* **EXERCISE REQUIREMENTS**
With both ends included, transcribe exactly the records below from their first line to the line that contains "X132589266Y-50453626D01*".
_ _ _ _ _ _ _
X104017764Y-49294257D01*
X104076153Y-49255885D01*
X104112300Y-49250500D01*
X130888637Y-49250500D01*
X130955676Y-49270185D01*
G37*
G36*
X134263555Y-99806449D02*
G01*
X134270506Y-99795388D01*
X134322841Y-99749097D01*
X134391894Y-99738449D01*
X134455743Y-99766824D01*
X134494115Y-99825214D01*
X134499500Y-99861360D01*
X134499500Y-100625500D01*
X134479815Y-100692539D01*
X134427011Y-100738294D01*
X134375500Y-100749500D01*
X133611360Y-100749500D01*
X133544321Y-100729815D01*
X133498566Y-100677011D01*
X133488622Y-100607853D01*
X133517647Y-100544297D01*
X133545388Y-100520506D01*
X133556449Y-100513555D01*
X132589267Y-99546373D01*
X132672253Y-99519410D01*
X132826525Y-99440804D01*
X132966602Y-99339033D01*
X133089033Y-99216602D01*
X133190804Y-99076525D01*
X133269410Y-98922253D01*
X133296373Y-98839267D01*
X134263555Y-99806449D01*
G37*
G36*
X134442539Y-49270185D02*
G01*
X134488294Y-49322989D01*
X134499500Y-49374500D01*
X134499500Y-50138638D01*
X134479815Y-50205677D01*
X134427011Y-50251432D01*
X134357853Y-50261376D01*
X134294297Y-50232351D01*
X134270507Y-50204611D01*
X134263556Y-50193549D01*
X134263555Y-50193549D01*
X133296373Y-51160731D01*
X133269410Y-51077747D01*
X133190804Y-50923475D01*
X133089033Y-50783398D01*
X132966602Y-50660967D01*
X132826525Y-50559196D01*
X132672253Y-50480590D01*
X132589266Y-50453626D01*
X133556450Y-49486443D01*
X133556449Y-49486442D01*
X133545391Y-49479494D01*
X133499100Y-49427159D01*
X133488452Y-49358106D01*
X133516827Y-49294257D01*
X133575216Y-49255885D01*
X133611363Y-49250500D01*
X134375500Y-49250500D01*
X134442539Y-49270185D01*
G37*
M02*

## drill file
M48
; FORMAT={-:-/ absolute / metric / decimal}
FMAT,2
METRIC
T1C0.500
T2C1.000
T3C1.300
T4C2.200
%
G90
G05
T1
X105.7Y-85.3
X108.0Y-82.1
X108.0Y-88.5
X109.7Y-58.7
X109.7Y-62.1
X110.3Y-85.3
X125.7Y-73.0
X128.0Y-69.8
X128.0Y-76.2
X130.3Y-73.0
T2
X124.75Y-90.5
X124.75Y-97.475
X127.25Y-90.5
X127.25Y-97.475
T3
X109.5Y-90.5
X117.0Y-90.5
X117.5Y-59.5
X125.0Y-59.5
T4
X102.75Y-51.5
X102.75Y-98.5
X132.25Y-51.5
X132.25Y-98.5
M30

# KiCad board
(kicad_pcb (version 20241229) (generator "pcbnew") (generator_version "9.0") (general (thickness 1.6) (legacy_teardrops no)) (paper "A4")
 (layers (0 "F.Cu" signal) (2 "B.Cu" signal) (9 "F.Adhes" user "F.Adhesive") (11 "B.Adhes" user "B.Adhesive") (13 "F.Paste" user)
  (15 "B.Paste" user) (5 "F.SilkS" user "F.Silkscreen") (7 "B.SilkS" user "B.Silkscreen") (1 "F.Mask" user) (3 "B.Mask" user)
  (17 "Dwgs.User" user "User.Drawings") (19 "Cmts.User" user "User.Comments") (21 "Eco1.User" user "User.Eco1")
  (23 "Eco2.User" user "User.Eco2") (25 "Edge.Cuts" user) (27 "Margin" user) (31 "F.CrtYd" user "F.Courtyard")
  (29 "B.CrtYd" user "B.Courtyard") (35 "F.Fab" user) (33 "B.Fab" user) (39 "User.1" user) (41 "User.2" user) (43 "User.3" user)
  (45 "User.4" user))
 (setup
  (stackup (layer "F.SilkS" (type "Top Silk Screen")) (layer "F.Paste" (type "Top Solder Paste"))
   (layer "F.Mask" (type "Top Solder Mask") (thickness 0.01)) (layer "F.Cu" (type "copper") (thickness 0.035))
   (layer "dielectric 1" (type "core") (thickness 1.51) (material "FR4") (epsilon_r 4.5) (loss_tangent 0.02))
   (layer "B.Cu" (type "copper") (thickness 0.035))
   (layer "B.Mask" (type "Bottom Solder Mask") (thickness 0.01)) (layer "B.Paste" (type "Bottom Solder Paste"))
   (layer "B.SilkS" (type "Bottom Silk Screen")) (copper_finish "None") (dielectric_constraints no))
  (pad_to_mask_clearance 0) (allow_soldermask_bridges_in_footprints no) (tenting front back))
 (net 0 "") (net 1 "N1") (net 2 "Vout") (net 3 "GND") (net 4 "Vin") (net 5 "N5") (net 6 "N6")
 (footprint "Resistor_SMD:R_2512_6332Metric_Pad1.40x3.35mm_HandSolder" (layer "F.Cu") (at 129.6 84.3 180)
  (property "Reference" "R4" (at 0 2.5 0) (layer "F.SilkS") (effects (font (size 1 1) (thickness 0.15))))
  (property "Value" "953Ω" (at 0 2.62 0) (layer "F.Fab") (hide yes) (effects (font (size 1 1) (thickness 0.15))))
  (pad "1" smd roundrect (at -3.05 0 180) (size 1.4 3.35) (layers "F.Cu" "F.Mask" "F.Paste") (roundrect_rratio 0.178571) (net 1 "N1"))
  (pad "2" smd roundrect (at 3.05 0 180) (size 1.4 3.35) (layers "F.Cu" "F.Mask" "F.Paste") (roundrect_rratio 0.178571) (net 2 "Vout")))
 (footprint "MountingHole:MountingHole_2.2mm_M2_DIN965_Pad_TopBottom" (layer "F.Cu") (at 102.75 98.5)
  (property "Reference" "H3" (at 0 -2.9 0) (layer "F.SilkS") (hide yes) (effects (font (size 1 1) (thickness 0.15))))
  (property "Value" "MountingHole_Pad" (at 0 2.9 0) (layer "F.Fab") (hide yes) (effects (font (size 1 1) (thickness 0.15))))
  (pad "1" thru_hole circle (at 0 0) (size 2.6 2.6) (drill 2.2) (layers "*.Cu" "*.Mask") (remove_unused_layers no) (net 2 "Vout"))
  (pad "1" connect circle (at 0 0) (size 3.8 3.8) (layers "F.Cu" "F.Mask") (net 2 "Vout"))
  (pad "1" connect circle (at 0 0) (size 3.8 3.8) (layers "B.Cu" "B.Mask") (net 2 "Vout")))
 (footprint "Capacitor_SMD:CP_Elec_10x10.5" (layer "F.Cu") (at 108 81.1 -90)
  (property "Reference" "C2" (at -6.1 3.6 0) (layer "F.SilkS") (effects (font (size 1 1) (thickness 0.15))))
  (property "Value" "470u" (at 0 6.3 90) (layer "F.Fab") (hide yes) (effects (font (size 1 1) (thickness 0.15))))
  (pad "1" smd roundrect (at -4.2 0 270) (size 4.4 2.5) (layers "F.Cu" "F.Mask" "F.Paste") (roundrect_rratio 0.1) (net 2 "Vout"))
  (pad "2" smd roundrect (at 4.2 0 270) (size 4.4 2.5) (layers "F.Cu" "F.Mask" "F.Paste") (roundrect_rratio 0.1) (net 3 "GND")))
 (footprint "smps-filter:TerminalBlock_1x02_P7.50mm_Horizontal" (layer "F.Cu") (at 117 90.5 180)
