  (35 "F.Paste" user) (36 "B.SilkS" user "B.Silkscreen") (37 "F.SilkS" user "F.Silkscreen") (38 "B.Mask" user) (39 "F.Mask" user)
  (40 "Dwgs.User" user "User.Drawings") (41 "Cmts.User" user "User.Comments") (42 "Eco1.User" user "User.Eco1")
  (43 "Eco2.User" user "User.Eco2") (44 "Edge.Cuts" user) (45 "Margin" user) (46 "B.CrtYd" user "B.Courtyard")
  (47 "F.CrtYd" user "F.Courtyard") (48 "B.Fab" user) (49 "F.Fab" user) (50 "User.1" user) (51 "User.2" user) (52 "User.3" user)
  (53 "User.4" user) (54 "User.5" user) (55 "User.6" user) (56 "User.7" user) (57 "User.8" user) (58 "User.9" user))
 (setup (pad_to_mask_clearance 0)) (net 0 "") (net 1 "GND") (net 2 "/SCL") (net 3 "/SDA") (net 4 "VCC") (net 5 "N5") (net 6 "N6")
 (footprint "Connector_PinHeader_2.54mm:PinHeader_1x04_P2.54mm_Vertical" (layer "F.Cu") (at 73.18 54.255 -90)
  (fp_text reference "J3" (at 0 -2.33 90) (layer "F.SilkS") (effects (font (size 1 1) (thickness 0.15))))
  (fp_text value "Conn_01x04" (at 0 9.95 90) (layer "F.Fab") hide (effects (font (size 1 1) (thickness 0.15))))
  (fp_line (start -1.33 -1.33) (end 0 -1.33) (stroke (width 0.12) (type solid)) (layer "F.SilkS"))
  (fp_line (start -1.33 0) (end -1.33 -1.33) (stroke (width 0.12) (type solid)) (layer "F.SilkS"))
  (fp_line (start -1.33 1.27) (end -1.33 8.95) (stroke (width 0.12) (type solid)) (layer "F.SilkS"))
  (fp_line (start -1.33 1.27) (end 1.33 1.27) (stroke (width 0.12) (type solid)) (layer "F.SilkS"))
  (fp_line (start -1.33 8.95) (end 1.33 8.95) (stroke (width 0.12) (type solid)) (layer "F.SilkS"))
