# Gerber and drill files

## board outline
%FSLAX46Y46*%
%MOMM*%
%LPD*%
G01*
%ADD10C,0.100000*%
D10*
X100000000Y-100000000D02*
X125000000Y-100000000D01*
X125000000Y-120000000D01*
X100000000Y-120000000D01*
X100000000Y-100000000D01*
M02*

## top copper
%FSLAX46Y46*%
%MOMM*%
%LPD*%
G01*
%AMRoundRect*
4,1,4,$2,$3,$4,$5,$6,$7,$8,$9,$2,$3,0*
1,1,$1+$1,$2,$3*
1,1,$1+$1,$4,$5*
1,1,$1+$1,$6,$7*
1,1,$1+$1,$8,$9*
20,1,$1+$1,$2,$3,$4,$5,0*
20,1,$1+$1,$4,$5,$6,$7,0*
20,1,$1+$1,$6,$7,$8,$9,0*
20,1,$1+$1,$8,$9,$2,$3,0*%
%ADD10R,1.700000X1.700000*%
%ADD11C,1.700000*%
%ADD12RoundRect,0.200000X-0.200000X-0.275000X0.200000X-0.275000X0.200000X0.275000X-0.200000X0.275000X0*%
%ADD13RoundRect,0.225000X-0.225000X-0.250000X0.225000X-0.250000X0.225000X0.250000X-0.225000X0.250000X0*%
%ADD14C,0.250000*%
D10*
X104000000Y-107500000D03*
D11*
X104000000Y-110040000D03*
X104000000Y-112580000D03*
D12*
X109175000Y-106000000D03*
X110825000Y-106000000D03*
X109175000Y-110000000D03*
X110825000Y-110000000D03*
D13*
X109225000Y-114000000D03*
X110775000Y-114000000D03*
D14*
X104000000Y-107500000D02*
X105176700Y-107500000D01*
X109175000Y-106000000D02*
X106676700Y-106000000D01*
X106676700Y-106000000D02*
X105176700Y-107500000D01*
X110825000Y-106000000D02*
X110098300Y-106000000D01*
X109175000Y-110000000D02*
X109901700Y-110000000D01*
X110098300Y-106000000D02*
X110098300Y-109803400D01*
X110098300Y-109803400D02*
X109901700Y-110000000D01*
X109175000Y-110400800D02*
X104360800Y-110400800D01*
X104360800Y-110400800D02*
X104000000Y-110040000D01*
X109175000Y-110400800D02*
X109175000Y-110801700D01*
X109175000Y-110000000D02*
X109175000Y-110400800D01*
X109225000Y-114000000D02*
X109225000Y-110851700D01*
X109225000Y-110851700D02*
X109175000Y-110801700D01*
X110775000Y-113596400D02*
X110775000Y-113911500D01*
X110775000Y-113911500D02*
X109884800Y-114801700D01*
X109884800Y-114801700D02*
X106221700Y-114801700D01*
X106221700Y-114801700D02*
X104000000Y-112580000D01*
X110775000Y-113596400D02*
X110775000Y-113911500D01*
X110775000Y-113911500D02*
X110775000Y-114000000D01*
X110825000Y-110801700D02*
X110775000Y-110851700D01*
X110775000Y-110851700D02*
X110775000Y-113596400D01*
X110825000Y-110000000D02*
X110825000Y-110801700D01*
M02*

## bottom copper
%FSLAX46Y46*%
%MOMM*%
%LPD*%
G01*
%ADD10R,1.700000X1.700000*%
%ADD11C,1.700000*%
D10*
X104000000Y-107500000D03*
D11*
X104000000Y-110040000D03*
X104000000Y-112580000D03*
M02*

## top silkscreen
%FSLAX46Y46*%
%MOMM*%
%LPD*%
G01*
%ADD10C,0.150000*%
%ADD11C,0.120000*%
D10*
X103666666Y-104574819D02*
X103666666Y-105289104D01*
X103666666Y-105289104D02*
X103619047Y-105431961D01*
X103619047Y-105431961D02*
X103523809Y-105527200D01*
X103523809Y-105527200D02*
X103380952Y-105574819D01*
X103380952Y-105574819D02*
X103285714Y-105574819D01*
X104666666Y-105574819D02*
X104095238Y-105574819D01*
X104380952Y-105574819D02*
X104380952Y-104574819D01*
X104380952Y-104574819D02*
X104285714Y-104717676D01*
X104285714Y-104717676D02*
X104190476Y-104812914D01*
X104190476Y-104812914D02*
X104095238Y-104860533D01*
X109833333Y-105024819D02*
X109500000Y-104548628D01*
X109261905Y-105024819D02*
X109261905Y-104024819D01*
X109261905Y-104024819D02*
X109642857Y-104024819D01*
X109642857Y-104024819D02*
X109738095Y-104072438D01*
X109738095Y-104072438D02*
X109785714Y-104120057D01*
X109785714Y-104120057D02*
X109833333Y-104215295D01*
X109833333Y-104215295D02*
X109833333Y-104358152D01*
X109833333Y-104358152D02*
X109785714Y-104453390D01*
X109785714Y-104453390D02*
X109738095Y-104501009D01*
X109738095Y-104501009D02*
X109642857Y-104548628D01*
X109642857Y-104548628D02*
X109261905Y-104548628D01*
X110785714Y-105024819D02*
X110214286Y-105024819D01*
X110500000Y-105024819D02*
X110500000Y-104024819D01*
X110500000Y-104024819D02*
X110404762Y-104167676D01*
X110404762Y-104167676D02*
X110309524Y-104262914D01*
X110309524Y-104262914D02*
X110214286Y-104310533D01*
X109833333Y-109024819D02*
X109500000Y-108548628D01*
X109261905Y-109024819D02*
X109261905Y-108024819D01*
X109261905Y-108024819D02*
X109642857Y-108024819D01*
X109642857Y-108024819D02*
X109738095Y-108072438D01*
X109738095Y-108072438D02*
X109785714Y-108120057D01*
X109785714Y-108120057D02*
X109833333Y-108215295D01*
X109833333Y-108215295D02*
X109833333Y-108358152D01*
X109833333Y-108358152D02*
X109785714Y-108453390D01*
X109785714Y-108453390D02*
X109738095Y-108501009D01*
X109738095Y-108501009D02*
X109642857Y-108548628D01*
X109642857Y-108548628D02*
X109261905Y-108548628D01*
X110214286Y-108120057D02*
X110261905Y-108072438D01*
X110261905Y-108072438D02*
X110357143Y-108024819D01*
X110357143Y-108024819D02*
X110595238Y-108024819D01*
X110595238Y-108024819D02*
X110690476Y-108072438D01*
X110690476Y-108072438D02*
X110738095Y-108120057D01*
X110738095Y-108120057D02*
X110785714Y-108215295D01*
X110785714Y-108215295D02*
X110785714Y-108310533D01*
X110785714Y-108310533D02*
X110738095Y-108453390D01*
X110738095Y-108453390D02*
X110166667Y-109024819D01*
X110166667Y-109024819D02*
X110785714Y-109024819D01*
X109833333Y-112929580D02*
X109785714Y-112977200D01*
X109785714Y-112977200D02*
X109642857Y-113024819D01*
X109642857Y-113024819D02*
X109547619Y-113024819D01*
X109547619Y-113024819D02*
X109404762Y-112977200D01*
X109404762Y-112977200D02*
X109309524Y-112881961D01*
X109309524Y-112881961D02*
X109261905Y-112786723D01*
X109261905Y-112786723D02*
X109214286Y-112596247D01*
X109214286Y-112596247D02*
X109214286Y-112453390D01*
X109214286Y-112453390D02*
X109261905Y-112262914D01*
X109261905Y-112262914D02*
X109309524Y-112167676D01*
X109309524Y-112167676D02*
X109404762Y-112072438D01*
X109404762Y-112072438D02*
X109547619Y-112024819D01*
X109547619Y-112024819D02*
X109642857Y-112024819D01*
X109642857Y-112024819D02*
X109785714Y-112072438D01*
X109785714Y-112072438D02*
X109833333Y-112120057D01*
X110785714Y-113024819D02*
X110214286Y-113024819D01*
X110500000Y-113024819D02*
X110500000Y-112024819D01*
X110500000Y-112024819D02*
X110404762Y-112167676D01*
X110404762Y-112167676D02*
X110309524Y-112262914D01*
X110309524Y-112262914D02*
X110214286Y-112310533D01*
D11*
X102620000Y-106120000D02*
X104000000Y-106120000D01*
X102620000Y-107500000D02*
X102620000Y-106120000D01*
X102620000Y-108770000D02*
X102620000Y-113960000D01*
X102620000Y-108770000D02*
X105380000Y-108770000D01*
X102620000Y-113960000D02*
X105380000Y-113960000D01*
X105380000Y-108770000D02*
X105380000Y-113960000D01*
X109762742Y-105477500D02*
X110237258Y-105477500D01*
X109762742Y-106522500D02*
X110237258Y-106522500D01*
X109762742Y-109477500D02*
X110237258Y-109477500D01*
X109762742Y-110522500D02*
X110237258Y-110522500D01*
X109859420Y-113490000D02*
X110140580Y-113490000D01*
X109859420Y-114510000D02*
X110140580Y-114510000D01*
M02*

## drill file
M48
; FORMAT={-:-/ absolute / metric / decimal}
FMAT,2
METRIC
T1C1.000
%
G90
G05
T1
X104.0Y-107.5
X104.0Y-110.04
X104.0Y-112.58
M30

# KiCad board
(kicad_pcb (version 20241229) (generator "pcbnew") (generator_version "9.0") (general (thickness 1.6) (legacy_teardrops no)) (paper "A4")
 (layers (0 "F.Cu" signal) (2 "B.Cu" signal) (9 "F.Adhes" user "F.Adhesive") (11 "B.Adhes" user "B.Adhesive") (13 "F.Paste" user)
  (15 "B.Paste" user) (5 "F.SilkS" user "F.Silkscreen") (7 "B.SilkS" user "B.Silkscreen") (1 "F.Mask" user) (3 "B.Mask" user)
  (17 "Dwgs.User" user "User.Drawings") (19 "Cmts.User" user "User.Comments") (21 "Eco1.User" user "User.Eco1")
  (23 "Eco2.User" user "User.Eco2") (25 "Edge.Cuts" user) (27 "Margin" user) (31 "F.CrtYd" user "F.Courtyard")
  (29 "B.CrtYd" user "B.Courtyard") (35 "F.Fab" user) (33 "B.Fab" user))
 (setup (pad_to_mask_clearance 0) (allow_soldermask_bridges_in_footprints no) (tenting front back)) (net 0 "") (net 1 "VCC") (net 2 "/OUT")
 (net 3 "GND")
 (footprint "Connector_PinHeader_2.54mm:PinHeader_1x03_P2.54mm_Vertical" (layer "F.Cu") (at 104 107.5)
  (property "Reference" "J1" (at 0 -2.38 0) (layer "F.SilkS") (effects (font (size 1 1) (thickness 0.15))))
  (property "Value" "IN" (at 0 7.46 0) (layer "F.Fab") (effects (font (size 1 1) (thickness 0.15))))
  (fp_line (start -1.38 -1.38) (end 0 -1.38) (stroke (width 0.12) (type solid)) (layer "F.SilkS"))
  (fp_line (start -1.38 0) (end -1.38 -1.38) (stroke (width 0.12) (type solid)) (layer "F.SilkS"))
  (fp_line (start -1.38 1.27) (end -1.38 6.46) (stroke (width 0.12) (type solid)) (layer "F.SilkS"))
  (fp_line (start -1.38 1.27) (end 1.38 1.27) (stroke (width 0.12) (type solid)) (layer "F.SilkS"))
  (fp_line (start -1.38 6.46) (end 1.38 6.46) (stroke (width 0.12) (type solid)) (layer "F.SilkS"))
  (fp_line (start 1.38 1.27) (end 1.38 6.46) (stroke (width 0.12) (type solid)) (layer "F.SilkS"))
  (pad "1" thru_hole rect (at 0 0) (size 1.7 1.7) (drill 1) (layers "*.Cu" "*.Mask") (remove_unused_layers no) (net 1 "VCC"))
  (pad "2" thru_hole circle (at 0 2.54) (size 1.7 1.7) (drill 1) (layers "*.Cu" "*.Mask") (remove_unused_layers no) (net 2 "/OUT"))
  (pad "3" thru_hole circle (at 0 5.08) (size 1.7 1.7) (drill 1) (layers "*.Cu" "*.Mask") (remove_unused_layers no) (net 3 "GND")))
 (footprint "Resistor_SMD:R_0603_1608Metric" (layer "F.Cu") (at 110 106)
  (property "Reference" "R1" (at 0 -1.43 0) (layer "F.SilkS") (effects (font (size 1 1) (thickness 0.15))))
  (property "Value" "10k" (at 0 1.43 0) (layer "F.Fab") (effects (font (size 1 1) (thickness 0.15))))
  (fp_line (start -0.237258 -0.5225) (end 0.237258 -0.5225) (stroke (width 0.12) (type solid)) (layer "F.SilkS"))
  (fp_line (start -0.237258 0.5225) (end 0.237258 0.5225) (stroke (width 0.12) (type solid)) (layer "F.SilkS"))
  (pad "1" smd roundrect (at -0.825 0) (size 0.8 0.95) (layers "F.Cu" "F.Mask" "F.Paste") (roundrect_rratio 0.25) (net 1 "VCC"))
  (pad "2" smd roundrect (at 0.825 0) (size 0.8 0.95) (layers "F.Cu" "F.Mask" "F.Paste") (roundrect_rratio 0.25) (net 2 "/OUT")))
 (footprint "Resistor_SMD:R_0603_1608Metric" (layer "F.Cu") (at 110 110)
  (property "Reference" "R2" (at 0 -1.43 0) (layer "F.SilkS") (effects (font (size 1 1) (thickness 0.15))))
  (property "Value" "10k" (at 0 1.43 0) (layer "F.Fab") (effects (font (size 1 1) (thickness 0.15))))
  (fp_line (start -0.237258 -0.5225) (end 0.237258 -0.5225) (stroke (width 0.12) (type solid)) (layer "F.SilkS"))
  (fp_line (start -0.237258 0.5225) (end 0.237258 0.5225) (stroke (width 0.12) (type solid)) (layer "F.SilkS"))
  (pad "1" smd roundrect (at -0.825 0) (size 0.8 0.95) (layers "F.Cu" "F.Mask" "F.Paste") (roundrect_rratio 0.25) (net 2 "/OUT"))
  (pad "2" smd roundrect (at 0.825 0) (size 0.8 0.95) (layers "F.Cu" "F.Mask" "F.Paste") (roundrect_rratio 0.25) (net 3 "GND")))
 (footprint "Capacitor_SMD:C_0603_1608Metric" (layer "F.Cu") (at 110 114)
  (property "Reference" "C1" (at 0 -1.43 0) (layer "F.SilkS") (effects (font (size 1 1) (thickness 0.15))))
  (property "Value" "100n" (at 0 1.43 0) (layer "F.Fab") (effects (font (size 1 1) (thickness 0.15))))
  (fp_line (start -0.14058 -0.51) (end 0.14058 -0.51) (stroke (width 0.12) (type solid)) (layer "F.SilkS"))
  (fp_line (start -0.14058 0.51) (end 0.14058 0.51) (stroke (width 0.12) (type solid)) (layer "F.SilkS"))
  (pad "1" smd roundrect (at -0.775 0) (size 0.9 0.95) (layers "F.Cu" "F.Mask" "F.Paste") (roundrect_rratio 0.25) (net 2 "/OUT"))
  (pad "2" smd roundrect (at 0.775 0) (size 0.9 0.95) (layers "F.Cu" "F.Mask" "F.Paste") (roundrect_rratio 0.25) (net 3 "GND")))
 (gr_rect (start 100 100) (end 125 120) (stroke (width 0.1) (type default)) (fill no) (layer "Edge.Cuts"))
 (segment (start 104 107.5) (end 105.1767 107.5) (width 0.25) (layer "F.Cu") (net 1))
 (segment (start 109.175 106) (end 106.6767 106) (width 0.25) (layer "F.Cu") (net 1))
 (segment (start 106.6767 106) (end 105.1767 107.5) (width 0.25) (layer "F.Cu") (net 1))
 (segment (start 110.825 106) (end 110.0983 106) (width 0.25) (layer "F.Cu") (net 2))
 (segment (start 109.175 110) (end 109.9017 110) (width 0.25) (layer "F.Cu") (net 2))
 (segment (start 110.0983 106) (end 110.0983 109.8034) (width 0.25) (layer "F.Cu") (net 2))
 (segment (start 110.0983 109.8034) (end 109.9017 110) (width 0.25) (layer "F.Cu") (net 2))
 (segment (start 109.175 110.4008) (end 104.3608 110.4008) (width 0.25) (layer "F.Cu") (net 2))
 (segment (start 104.3608 110.4008) (end 104 110.04) (width 0.25) (layer "F.Cu") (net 2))
 (segment (start 109.175 110.4008) (end 109.175 110.8017) (width 0.25) (layer "F.Cu") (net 2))
 (segment (start 109.175 110) (end 109.175 110.4008) (width 0.25) (layer "F.Cu") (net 2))
 (segment (start 109.225 114) (end 109.225 110.8517) (width 0.25) (layer "F.Cu") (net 2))
 (segment (start 109.225 110.8517) (end 109.175 110.8017) (width 0.25) (layer "F.Cu") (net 2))
 (segment (start 110.775 113.5964) (end 110.775 113.9115) (width 0.25) (layer "F.Cu") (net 3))
 (segment (start 110.775 113.9115) (end 109.8848 114.8017) (width 0.25) (layer "F.Cu") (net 3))
 (segment (start 109.8848 114.8017) (end 106.2217 114.8017) (width 0.25) (layer "F.Cu") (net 3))
 (segment (start 106.2217 114.8017) (end 104 112.58) (width 0.25) (layer "F.Cu") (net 3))
 (segment (start 110.775 113.5964) (end 110.775 113.9115) (width 0.25) (layer "F.Cu") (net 3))
 (segment (start 110.775 113.9115) (end 110.775 114) (width 0.25) (layer "F.Cu") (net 3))
 (segment (start 110.825 110.8017) (end 110.775 110.8517) (width 0.25) (layer "F.Cu") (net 3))
 (segment (start 110.775 110.8517) (end 110.775 113.5964) (width 0.25) (layer "F.Cu") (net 3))
 (segment (start 110.825 110) (end 110.825 110.8017) (width 0.25) (layer "F.Cu") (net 3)))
_ _ _ _ _ _ _
* **TASK ANSWER**
X104017764Y-49294257D01*
X104076153Y-49255885D01*
X104112300Y-49250500D01*
X130888637Y-49250500D01*
X130955676Y-49270185D01*
G37*
G36*
X134263555Y-99806449D02*
G01*
X134270506Y-99795388D01*
X134322841Y-99749097D01*
X134391894Y-99738449D01*
X134455743Y-99766824D01*
X134494115Y-99825214D01*
X134499500Y-99861360D01*
X134499500Y-100625500D01*
X134479815Y-100692539D01*
X134427011Y-100738294D01*
X134375500Y-100749500D01*
X133611360Y-100749500D01*
X133544321Y-100729815D01*
X133498566Y-100677011D01*
X133488622Y-100607853D01*
X133517647Y-100544297D01*
X133545388Y-100520506D01*
X133556449Y-100513555D01*
X132589267Y-99546373D01*
X132672253Y-99519410D01*
X132826525Y-99440804D01*
X132966602Y-99339033D01*
X133089033Y-99216602D01*
X133190804Y-99076525D01*
X133269410Y-98922253D01*
X133296373Y-98839267D01*
X134263555Y-99806449D01*
G37*
G36*
X134442539Y-49270185D02*
G01*
X134488294Y-49322989D01*
X134499500Y-49374500D01*
X134499500Y-50138638D01*
X134479815Y-50205677D01*
X134427011Y-50251432D01*
X134357853Y-50261376D01*
X134294297Y-50232351D01*
X134270507Y-50204611D01*
X134263556Y-50193549D01*
X134263555Y-50193549D01*
X133296373Y-51160731D01*
X133269410Y-51077747D01*
X133190804Y-50923475D01*
X133089033Y-50783398D01*
X132966602Y-50660967D01*
X132826525Y-50559196D01*
X132672253Y-50480590D01*
X132589266Y-50453626D01*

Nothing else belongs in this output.